In the meantime, we had been on the phone with Irene, the travel agent in Athens who helped us make the arrangements, and we had also gotten to know some of our fellow would-be travelers. Two of them were mothers, each with one young child and one infant. One lived on Paros, but was from Israel. She had had her baby three weeks ago and her husband had yet to see their new son. She was a woman on a mission. When the cancelled notice went up, she almost cancelled the gate agent. The rest of us gathered round to learn what we could and then we all moved upstairs to the ticket office where they told us to go.
The second mother was less vocal, but no less effective. While we all stayed downstairs, she went up. When we got upstairs, she was moving somewhere else. When I asked what she had learned, she told me we were in the wrong place, so we followed her to yet another check in line. To make a not-so-short story a little less long, we all crashed the ticket line where we had been sent and pushed our crisis to the front of a line of people who had crises of their own so we could get boarding passes on the last flight of the day to Paros at 17:45 (5:45). Along the way I called Irene and learned one other significant detail: Olympic employees were planning a one day strike for Wednesday.

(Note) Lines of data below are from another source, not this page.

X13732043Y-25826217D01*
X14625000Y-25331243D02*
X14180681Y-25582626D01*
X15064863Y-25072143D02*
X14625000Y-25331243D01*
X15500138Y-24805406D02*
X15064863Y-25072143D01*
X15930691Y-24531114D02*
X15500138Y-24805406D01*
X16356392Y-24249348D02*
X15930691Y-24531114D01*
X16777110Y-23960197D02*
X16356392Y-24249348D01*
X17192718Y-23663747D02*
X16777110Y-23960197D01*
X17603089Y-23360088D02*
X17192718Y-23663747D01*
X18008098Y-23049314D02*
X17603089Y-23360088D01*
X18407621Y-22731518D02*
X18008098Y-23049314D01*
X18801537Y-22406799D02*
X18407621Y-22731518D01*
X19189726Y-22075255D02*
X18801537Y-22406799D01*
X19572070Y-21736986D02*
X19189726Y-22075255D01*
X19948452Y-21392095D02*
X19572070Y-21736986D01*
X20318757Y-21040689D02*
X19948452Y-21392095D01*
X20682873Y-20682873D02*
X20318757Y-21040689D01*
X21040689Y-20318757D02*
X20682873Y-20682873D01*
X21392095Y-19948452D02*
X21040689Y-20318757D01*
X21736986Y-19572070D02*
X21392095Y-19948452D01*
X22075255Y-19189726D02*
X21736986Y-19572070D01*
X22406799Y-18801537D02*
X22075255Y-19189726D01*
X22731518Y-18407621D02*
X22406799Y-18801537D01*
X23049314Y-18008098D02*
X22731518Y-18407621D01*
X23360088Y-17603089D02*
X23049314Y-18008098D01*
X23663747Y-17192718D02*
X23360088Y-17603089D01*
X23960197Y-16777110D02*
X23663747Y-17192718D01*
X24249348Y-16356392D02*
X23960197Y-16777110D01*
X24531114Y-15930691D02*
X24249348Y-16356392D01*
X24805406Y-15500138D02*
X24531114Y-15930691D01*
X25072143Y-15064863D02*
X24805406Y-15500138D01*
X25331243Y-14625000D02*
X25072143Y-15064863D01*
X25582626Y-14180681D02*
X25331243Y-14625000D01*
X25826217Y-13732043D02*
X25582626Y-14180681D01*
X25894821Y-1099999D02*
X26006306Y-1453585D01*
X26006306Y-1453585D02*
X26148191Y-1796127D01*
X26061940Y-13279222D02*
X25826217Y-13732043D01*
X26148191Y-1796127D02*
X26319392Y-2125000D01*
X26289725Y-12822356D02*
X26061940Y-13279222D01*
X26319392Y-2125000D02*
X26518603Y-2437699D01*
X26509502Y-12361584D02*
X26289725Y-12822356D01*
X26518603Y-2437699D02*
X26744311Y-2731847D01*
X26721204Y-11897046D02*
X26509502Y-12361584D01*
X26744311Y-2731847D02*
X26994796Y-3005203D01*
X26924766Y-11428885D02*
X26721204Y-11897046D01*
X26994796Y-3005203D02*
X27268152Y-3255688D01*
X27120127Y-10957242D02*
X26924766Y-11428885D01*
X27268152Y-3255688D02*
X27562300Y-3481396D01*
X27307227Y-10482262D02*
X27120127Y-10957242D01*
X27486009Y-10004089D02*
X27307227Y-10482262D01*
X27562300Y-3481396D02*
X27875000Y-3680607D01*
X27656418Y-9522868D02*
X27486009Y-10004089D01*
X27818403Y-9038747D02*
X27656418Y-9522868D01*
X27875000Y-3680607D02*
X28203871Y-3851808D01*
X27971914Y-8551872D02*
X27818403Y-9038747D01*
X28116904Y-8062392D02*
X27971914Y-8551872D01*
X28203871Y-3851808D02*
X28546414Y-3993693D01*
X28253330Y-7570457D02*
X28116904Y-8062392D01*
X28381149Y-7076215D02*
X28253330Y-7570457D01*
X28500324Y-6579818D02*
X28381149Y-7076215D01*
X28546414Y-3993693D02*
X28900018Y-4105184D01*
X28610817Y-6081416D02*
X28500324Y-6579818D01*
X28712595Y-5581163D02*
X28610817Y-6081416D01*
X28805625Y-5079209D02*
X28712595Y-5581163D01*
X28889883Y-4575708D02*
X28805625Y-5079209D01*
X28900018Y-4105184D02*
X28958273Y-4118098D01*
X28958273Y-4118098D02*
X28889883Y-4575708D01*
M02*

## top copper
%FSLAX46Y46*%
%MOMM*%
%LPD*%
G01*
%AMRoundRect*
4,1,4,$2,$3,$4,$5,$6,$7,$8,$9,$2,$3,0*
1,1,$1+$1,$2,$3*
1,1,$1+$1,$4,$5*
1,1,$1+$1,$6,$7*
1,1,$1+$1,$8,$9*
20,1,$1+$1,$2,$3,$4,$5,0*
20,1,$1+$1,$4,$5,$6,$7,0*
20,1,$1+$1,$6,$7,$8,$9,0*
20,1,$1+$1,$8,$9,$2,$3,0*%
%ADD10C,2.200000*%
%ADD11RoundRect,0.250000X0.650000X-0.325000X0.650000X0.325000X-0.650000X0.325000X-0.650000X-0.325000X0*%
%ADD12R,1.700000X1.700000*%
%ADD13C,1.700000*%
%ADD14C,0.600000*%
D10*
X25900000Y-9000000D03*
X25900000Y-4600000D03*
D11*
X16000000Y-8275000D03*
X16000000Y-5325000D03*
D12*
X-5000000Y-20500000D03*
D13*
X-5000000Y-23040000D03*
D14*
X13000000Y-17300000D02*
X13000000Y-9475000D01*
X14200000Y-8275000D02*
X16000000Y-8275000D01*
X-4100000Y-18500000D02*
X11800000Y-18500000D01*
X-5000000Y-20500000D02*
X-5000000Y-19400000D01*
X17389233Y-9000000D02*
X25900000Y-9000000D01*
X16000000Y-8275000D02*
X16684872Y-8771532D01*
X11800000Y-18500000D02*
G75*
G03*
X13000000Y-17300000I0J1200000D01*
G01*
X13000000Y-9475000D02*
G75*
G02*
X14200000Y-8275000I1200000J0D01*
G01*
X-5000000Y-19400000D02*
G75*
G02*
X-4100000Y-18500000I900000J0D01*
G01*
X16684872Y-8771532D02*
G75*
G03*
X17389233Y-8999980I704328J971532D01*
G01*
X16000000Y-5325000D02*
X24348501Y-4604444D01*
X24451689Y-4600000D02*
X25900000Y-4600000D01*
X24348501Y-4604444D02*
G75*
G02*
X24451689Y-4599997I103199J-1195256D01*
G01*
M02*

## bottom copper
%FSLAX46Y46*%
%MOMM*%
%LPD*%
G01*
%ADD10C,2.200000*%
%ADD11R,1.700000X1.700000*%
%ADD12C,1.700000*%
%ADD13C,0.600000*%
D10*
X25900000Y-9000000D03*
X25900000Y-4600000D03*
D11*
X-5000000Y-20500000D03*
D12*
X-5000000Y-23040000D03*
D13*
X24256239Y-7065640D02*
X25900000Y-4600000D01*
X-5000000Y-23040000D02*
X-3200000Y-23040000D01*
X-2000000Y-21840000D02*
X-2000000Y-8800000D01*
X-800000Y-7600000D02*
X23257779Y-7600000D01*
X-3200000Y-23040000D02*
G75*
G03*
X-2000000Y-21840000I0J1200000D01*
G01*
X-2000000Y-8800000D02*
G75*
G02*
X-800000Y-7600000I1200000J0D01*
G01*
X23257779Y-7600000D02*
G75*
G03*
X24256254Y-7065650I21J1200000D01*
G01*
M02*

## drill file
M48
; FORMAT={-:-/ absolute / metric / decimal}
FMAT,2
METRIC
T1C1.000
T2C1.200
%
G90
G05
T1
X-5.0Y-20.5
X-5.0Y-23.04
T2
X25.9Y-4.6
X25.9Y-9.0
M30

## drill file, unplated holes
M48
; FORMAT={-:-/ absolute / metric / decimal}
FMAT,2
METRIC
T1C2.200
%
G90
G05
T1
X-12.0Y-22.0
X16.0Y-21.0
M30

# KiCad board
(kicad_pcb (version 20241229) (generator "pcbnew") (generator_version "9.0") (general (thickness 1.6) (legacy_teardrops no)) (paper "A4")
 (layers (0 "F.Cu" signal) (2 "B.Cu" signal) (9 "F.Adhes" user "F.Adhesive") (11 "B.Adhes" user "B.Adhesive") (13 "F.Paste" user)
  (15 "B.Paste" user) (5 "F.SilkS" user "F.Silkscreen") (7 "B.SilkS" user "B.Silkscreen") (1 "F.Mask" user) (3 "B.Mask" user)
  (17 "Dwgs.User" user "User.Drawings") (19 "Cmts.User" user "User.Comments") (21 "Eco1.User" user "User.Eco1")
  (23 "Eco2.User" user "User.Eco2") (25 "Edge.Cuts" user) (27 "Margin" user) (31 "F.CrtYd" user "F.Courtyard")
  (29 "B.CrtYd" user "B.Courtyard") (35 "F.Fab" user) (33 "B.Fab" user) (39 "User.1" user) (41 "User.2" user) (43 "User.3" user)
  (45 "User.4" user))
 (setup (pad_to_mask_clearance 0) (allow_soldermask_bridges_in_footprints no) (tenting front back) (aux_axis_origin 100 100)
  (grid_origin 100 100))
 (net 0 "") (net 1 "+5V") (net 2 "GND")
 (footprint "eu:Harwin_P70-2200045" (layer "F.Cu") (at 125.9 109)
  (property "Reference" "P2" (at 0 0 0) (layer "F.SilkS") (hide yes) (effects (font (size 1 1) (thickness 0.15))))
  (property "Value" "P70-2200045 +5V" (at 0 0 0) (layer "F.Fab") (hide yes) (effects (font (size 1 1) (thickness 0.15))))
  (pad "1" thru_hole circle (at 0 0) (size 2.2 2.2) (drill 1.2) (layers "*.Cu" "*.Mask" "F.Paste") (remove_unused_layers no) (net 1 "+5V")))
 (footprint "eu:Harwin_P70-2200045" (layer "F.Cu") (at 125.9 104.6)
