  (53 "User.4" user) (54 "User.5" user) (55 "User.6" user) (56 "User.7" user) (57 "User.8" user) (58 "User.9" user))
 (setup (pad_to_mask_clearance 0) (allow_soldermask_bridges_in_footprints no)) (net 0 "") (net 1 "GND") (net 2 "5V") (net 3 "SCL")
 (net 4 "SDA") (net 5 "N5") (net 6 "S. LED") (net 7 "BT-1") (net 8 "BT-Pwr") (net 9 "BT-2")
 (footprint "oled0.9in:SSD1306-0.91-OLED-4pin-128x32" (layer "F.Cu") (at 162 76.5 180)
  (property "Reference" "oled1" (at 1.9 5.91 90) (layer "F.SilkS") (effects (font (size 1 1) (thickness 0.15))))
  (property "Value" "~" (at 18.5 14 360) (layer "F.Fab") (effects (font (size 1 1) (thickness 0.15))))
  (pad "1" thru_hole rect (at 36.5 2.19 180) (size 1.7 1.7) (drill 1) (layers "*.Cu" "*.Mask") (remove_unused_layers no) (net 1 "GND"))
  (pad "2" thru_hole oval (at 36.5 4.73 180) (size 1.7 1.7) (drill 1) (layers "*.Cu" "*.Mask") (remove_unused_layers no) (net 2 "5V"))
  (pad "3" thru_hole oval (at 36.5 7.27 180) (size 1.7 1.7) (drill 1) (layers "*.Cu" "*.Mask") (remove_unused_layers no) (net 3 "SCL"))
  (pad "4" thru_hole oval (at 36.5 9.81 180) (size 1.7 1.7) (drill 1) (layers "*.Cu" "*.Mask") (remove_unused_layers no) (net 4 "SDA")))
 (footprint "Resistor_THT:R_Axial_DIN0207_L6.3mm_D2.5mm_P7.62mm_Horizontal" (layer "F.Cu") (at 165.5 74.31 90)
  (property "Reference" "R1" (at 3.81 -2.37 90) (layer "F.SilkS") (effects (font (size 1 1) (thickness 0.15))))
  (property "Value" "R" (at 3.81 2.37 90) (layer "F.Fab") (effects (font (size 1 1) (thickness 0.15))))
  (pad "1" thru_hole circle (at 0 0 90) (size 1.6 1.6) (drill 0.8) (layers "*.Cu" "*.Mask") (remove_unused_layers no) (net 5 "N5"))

“Whatever you have to do,” she said, “ make them put you on that plane.”
Once we got our boarding passes, we had more time to wait, so we ate some lunch (we had forgotten about lunch) and then went in search of a little smackerel of something sweet. We found lots of sweet things; the problem was finding something small. In one of the chocolate shops there was a basket of individually wrapped sweets. Ginger asked which one was all chocolate and then asked how much it was.
“This is Greece;” said the woman at the cash register, “just take it.”

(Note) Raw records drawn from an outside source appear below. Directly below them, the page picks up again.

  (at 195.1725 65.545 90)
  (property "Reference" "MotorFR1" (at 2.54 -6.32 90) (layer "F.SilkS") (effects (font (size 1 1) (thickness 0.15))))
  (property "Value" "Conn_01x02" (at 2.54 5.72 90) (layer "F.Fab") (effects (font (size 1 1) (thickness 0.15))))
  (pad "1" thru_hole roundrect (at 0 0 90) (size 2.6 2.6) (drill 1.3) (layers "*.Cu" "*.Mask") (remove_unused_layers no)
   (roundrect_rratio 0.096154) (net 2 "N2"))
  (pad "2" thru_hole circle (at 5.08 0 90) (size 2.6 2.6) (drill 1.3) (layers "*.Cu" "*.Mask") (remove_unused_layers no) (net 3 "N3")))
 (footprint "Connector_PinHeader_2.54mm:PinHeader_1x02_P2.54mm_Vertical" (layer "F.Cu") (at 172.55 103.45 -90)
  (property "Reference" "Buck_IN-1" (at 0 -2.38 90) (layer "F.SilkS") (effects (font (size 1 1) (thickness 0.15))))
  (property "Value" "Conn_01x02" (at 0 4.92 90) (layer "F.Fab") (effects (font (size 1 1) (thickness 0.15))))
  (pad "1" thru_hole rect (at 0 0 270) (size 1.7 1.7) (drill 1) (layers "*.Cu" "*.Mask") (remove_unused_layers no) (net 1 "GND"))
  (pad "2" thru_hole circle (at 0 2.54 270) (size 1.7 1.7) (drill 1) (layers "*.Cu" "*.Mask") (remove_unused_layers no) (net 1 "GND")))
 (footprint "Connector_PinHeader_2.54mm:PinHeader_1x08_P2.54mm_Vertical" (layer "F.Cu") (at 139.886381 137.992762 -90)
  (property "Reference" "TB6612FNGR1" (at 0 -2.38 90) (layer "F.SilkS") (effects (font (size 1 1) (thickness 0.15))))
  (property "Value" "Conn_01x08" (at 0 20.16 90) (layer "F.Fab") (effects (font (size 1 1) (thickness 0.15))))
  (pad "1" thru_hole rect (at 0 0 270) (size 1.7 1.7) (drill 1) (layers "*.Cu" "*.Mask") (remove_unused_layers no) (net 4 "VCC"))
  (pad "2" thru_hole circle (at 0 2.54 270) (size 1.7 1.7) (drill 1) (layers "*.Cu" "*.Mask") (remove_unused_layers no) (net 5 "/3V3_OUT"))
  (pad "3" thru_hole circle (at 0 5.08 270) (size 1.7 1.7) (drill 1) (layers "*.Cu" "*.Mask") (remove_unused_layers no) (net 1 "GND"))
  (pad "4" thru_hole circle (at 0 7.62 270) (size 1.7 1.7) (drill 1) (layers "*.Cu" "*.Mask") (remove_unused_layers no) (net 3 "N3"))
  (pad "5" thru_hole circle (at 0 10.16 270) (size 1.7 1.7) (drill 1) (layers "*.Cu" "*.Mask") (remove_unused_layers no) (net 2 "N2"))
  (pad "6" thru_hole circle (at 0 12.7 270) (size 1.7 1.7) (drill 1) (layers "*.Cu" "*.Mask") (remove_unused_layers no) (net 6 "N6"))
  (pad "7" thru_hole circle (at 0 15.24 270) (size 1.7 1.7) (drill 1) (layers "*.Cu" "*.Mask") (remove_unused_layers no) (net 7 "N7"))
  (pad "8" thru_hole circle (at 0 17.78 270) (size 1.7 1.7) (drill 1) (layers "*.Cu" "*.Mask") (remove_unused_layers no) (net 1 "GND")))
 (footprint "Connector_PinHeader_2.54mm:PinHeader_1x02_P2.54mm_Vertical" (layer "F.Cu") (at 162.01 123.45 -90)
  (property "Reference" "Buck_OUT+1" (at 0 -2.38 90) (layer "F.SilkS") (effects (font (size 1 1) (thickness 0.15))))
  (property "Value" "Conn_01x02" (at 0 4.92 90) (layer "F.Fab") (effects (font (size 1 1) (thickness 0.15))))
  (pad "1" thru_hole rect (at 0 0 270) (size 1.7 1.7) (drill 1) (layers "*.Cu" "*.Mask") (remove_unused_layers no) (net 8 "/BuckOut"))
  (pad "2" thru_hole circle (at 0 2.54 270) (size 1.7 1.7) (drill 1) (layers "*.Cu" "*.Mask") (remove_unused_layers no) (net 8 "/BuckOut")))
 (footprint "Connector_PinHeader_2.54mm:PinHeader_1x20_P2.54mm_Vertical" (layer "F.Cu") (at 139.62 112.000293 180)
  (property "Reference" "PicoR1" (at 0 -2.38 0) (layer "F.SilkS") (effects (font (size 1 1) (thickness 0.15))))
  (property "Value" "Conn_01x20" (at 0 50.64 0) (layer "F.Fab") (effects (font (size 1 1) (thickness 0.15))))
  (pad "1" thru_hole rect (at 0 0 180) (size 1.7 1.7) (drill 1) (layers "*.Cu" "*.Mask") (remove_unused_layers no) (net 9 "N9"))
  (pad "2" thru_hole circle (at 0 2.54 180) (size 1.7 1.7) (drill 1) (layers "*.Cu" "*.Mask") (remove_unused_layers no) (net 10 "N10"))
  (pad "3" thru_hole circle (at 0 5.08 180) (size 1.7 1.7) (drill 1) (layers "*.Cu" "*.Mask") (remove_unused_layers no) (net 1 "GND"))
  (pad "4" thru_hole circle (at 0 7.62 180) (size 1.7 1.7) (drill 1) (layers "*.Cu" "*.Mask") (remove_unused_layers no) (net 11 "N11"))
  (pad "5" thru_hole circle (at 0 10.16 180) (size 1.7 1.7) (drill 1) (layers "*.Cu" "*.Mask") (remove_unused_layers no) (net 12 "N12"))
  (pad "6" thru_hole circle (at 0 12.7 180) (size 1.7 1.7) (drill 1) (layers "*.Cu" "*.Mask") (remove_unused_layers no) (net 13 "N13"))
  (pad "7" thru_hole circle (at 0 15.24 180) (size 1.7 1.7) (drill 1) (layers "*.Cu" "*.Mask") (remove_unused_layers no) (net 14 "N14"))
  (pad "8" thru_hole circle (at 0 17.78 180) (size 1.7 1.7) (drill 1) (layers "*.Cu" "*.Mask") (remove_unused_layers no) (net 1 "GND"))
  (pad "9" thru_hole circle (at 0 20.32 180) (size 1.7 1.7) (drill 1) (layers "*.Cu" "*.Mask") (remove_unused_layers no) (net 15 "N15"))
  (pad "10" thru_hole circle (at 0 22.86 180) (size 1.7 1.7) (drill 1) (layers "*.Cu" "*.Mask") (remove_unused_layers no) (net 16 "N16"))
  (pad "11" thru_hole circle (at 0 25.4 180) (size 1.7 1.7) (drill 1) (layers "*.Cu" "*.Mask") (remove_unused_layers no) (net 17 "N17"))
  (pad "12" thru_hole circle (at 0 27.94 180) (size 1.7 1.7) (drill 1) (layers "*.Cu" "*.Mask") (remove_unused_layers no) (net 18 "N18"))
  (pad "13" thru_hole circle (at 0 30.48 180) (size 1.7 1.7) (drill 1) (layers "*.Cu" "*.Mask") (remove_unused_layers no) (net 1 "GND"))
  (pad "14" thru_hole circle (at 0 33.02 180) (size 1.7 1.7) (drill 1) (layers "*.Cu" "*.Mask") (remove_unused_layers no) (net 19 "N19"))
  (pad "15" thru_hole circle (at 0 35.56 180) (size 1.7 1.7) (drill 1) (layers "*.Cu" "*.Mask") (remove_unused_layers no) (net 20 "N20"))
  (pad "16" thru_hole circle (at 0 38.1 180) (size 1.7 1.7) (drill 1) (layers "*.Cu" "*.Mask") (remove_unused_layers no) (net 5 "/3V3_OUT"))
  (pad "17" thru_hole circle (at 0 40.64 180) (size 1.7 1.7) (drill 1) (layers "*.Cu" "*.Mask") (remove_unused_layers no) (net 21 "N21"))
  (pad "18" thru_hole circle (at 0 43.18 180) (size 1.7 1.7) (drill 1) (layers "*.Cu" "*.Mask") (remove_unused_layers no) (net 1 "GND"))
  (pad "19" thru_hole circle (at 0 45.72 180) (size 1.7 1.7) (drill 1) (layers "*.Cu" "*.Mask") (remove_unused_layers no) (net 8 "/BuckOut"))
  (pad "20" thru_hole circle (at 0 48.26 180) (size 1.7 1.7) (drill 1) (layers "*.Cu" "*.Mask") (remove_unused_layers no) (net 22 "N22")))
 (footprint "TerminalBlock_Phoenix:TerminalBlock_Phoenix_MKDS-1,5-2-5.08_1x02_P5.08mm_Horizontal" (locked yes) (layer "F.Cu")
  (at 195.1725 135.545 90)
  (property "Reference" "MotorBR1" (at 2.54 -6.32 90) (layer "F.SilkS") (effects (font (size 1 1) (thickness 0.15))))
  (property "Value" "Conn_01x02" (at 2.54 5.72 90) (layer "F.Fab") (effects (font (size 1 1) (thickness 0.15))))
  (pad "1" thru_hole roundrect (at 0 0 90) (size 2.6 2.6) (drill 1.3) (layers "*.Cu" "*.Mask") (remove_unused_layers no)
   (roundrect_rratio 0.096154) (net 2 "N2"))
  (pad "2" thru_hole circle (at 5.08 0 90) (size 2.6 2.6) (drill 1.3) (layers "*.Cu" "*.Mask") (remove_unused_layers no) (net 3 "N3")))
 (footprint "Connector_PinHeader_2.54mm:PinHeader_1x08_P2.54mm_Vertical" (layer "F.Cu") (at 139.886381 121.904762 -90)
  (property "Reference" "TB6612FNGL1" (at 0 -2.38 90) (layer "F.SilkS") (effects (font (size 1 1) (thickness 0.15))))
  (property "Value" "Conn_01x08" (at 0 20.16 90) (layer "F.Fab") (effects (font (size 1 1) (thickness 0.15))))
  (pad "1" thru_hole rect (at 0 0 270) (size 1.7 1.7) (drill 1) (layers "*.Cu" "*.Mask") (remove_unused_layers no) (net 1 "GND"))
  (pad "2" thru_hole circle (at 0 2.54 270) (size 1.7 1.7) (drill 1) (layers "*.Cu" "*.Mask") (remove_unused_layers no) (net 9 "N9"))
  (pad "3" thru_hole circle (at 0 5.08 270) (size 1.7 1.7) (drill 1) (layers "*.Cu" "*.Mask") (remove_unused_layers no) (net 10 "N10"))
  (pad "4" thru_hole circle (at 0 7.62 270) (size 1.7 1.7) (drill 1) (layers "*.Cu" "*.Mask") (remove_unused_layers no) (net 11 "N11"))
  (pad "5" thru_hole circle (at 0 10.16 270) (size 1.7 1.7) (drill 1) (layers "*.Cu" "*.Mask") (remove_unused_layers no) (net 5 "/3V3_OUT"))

We made our way to the new gate, which meant going through the metal detectors yet again, to find our new flight was delayed until six o’clock. At about the time we were to begin boarding, the sign over the gate changed – without announcement – to say a flight for Thessaloniki was boarding there. Our Prophet With Child rose up once more and we all made our way to yet another gate, and another metal detector, and crashed yet another line. We finally got to our plane and landed in Paros six hours after we had planned.

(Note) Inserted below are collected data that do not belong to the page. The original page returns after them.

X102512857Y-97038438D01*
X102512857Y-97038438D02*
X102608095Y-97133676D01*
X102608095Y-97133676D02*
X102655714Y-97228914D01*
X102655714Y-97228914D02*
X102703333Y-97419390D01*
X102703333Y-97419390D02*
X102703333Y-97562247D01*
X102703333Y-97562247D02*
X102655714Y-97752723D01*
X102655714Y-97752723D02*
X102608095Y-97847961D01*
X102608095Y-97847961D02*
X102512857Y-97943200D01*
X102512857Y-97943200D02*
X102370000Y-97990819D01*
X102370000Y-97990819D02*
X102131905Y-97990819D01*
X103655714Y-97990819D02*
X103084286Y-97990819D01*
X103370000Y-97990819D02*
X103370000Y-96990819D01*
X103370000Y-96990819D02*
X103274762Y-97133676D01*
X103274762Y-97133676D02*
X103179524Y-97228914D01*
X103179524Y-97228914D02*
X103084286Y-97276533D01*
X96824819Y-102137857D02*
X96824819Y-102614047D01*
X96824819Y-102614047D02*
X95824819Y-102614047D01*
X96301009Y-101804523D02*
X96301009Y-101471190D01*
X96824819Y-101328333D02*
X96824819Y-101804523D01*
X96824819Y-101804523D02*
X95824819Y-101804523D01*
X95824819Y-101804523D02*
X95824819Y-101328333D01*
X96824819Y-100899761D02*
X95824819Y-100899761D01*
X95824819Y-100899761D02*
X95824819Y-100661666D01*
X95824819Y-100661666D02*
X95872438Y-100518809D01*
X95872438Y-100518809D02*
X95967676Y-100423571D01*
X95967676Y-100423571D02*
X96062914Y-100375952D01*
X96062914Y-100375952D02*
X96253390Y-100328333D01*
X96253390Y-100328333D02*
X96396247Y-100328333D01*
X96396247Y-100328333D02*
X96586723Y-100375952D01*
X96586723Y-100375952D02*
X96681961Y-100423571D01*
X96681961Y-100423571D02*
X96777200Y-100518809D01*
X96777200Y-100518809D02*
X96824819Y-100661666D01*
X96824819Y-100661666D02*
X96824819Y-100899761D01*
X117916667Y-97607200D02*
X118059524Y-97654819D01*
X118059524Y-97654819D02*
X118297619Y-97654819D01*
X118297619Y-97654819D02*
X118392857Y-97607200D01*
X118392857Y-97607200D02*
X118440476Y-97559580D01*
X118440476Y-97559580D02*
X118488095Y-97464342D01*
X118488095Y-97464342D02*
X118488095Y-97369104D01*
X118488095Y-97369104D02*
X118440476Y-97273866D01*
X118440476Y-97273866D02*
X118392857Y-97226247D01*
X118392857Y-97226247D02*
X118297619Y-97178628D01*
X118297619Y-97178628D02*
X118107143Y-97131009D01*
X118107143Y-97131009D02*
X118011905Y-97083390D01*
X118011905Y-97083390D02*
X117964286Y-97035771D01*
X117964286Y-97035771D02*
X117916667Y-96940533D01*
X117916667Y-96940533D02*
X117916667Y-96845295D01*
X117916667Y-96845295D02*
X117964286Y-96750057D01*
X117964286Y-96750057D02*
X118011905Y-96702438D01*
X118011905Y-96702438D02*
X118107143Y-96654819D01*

The island airport is one big room, basically, and our odd little band gathered like extended family to see the new father hold his son for the first time. He sat down on the bench next to the luggage table and the rest of us laughed and cheered. One by one, people took their bags and made their ways to the vehicles that would take them to their homes and hotels. Our bus was the last to come, so we were the last ones left in the room, along with Michael, our contact person. Just then, a British woman who had been on our flight came back into the room as though she had lost something. She touched Ginger on the arm and said, “Happy Birithday!”
The island is absolutely beautiful. Our driver took us to Naoussa and the Kanale’s Hotel where we are staying. Irene booked a room for us with a balcony overlooking the little harbor. We checked in and then found our way into the village for a birthday dinner. When we got back to the room – about 23:30 – we found a fruit basket, a bottle of wine, a birthday card, and a cake from the hotel staff. We took the cake and went up to the rooftop restaurant to get some coffee to go with it.
It was a day unlike any that had come before.